─── Supplied records

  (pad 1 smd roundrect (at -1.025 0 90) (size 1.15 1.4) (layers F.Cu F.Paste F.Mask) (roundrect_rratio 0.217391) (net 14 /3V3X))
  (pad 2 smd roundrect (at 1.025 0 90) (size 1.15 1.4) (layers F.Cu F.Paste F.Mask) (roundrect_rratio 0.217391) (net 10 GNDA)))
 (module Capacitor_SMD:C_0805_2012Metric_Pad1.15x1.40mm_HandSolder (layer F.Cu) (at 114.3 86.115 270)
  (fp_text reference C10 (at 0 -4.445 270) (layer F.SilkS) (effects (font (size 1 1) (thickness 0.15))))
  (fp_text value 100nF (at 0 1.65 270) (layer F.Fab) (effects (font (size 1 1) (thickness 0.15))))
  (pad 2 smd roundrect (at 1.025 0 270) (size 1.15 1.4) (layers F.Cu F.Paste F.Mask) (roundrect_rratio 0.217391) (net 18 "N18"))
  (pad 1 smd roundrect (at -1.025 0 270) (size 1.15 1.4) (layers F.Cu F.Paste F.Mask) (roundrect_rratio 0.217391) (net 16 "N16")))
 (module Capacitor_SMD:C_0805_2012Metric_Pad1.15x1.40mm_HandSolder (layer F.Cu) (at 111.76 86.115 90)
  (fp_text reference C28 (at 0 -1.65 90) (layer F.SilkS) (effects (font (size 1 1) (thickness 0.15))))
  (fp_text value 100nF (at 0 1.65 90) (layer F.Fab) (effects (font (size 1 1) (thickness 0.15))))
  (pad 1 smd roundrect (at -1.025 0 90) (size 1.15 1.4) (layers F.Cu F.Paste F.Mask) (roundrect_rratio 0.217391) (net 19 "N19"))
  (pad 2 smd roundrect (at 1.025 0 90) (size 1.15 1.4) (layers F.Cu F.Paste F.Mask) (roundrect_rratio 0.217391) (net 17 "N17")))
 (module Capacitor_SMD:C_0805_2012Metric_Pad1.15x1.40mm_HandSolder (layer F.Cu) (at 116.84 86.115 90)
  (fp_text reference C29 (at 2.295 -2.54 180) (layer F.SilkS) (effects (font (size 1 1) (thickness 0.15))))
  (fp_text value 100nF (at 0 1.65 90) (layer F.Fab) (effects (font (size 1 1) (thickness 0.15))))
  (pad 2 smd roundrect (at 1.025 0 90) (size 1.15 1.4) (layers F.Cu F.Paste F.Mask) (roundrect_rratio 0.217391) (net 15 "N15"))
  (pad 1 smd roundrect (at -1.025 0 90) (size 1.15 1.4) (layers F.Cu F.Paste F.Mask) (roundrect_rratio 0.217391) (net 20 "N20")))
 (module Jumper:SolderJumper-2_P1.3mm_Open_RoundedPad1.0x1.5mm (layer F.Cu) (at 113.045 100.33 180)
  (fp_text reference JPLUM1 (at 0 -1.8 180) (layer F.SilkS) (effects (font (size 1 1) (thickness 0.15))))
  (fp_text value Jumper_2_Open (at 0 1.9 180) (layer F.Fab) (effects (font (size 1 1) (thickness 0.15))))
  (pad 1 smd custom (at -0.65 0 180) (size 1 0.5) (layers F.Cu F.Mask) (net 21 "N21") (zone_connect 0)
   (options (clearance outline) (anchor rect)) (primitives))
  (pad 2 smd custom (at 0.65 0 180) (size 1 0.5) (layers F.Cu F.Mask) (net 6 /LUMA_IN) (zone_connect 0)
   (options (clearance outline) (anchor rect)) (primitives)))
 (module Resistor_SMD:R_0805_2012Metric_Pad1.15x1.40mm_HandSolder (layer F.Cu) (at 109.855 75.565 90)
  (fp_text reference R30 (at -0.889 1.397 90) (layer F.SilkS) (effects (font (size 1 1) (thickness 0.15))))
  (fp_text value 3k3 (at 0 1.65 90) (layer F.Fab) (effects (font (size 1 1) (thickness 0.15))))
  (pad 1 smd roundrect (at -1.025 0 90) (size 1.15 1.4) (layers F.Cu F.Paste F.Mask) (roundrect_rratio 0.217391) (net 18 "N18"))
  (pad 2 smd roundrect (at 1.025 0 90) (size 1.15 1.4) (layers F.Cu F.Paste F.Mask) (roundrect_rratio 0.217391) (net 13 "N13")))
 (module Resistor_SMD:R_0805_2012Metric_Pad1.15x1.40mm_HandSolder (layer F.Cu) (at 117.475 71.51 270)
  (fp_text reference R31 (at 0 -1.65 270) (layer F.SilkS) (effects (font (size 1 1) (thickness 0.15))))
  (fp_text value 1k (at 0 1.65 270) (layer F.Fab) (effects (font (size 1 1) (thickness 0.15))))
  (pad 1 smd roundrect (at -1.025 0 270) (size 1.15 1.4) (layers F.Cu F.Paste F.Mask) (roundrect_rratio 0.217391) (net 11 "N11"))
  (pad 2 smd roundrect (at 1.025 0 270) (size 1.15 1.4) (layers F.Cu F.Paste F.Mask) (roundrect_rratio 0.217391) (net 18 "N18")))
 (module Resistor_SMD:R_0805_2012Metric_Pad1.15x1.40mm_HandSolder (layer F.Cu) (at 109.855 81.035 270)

──────
─── Supplied records

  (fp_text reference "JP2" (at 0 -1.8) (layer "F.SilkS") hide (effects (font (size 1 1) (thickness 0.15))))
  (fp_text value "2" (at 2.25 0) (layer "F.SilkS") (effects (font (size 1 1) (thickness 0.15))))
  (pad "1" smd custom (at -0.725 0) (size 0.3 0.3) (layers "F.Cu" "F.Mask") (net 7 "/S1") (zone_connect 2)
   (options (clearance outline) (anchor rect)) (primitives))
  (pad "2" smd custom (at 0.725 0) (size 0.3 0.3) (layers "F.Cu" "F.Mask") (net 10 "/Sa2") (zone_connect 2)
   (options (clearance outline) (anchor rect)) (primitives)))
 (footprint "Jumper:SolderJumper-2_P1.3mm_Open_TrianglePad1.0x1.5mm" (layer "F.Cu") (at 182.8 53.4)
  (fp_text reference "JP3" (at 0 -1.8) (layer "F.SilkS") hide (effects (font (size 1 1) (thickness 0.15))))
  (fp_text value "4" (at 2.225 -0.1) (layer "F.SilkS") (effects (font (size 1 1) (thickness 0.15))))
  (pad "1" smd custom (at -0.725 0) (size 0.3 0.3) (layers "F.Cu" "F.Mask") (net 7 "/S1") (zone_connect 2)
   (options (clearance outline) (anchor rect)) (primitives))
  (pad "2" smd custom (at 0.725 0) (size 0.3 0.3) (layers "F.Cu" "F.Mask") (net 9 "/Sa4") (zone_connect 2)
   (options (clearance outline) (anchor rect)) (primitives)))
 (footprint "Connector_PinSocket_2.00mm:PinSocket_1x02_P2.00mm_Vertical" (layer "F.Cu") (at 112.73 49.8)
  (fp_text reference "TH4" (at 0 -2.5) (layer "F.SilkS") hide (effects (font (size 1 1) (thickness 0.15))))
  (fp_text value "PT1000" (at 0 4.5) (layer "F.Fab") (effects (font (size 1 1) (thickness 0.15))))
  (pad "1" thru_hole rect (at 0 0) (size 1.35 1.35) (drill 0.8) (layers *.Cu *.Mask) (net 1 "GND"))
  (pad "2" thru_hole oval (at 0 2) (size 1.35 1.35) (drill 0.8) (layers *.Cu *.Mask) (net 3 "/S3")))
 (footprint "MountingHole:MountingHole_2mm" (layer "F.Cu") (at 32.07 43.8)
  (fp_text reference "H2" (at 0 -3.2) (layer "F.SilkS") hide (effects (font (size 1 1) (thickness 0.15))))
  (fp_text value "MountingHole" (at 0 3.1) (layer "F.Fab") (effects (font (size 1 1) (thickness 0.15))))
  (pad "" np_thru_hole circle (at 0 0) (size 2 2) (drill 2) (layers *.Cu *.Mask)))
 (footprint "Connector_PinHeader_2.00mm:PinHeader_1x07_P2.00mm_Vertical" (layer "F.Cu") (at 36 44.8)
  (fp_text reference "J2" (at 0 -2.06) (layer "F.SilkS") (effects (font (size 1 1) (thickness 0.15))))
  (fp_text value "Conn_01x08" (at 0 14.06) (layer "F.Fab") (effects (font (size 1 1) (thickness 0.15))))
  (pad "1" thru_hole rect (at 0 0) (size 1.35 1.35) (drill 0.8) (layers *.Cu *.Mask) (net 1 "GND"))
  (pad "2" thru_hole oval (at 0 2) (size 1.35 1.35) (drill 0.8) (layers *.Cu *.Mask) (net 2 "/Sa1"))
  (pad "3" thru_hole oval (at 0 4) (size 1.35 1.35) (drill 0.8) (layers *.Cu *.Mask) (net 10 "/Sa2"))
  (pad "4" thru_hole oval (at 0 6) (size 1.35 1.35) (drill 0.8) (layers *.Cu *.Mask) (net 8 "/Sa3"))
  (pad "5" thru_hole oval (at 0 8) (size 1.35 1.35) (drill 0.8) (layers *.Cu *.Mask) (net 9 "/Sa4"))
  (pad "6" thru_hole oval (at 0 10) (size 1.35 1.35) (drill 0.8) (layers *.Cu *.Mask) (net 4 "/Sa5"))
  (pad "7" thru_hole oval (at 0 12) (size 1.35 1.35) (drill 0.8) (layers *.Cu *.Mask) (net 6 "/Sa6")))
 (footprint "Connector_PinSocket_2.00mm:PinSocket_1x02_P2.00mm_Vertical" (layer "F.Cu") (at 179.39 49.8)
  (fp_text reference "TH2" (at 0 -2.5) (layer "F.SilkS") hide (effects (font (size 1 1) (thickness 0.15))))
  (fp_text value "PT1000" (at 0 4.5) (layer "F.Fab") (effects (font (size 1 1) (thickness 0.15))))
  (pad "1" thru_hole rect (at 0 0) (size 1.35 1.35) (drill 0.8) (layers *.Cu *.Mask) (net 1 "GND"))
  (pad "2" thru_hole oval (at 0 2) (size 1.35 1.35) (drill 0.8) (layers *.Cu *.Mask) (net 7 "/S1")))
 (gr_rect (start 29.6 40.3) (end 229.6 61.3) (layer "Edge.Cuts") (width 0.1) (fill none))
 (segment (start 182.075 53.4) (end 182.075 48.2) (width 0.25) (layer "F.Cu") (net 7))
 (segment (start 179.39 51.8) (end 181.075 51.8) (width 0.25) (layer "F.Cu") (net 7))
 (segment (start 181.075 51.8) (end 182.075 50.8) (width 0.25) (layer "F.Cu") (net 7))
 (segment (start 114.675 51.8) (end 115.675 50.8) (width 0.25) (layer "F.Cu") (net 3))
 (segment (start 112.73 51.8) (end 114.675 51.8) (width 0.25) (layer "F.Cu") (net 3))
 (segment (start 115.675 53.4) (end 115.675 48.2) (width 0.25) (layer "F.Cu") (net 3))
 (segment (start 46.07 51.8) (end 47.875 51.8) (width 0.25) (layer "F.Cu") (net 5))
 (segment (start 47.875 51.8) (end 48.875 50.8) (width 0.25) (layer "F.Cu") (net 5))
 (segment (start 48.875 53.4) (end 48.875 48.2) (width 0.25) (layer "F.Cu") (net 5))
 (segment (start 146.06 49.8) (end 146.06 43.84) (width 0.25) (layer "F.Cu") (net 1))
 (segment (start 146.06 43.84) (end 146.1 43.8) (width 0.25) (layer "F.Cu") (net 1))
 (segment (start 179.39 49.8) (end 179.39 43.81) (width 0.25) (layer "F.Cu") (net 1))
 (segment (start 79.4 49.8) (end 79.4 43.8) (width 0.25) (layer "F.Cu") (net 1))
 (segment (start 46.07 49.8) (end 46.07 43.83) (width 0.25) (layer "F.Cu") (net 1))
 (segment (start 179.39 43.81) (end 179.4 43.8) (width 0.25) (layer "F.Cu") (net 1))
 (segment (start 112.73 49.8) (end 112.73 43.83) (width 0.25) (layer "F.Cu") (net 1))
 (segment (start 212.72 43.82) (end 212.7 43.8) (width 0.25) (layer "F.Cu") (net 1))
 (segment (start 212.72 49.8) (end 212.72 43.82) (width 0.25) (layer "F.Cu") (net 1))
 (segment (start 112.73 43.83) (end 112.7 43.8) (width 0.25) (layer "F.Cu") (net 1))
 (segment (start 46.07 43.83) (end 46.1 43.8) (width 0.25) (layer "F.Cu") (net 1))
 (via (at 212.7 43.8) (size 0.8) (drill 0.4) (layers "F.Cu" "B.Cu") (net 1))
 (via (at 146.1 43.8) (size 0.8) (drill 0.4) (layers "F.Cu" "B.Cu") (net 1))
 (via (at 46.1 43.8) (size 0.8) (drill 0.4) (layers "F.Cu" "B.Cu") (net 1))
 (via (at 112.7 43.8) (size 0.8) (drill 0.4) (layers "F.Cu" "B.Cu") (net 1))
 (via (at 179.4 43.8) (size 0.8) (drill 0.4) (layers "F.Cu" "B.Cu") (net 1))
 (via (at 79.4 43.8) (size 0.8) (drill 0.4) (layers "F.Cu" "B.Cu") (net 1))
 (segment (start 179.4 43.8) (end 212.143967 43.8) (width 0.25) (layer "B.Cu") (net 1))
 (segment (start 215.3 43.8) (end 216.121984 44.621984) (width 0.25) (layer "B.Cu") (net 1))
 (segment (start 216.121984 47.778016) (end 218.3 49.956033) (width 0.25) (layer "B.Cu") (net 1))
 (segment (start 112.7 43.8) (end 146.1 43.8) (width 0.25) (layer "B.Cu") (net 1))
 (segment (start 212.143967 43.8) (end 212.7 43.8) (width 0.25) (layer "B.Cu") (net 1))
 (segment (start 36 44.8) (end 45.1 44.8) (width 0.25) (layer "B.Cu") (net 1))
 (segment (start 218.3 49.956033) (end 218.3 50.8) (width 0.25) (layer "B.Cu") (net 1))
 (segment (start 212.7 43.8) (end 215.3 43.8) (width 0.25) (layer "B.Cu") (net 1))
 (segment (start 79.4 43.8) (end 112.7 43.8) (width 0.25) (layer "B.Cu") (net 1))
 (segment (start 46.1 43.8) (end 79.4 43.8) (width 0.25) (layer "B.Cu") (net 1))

──────

■ Work required: Among the entries above, find the line with "117.475 71.51 270)" and the line with "109.855 81.035 270)"; give again exactly these two lines and all lines between them.

■ Solution to the exercise:
 (module Resistor_SMD:R_0805_2012Metric_Pad1.15x1.40mm_HandSolder (layer F.Cu) (at 117.475 71.51 270)
  (fp_text reference R31 (at 0 -1.65 270) (layer F.SilkS) (effects (font (size 1 1) (thickness 0.15))))
  (fp_text value 1k (at 0 1.65 270) (layer F.Fab) (effects (font (size 1 1) (thickness 0.15))))
  (pad 1 smd roundrect (at -1.025 0 270) (size 1.15 1.4) (layers F.Cu F.Paste F.Mask) (roundrect_rratio 0.217391) (net 11 "N11"))
  (pad 2 smd roundrect (at 1.025 0 270) (size 1.15 1.4) (layers F.Cu F.Paste F.Mask) (roundrect_rratio 0.217391) (net 18 "N18")))
 (module Resistor_SMD:R_0805_2012Metric_Pad1.15x1.40mm_HandSolder (layer F.Cu) (at 109.855 81.035 270)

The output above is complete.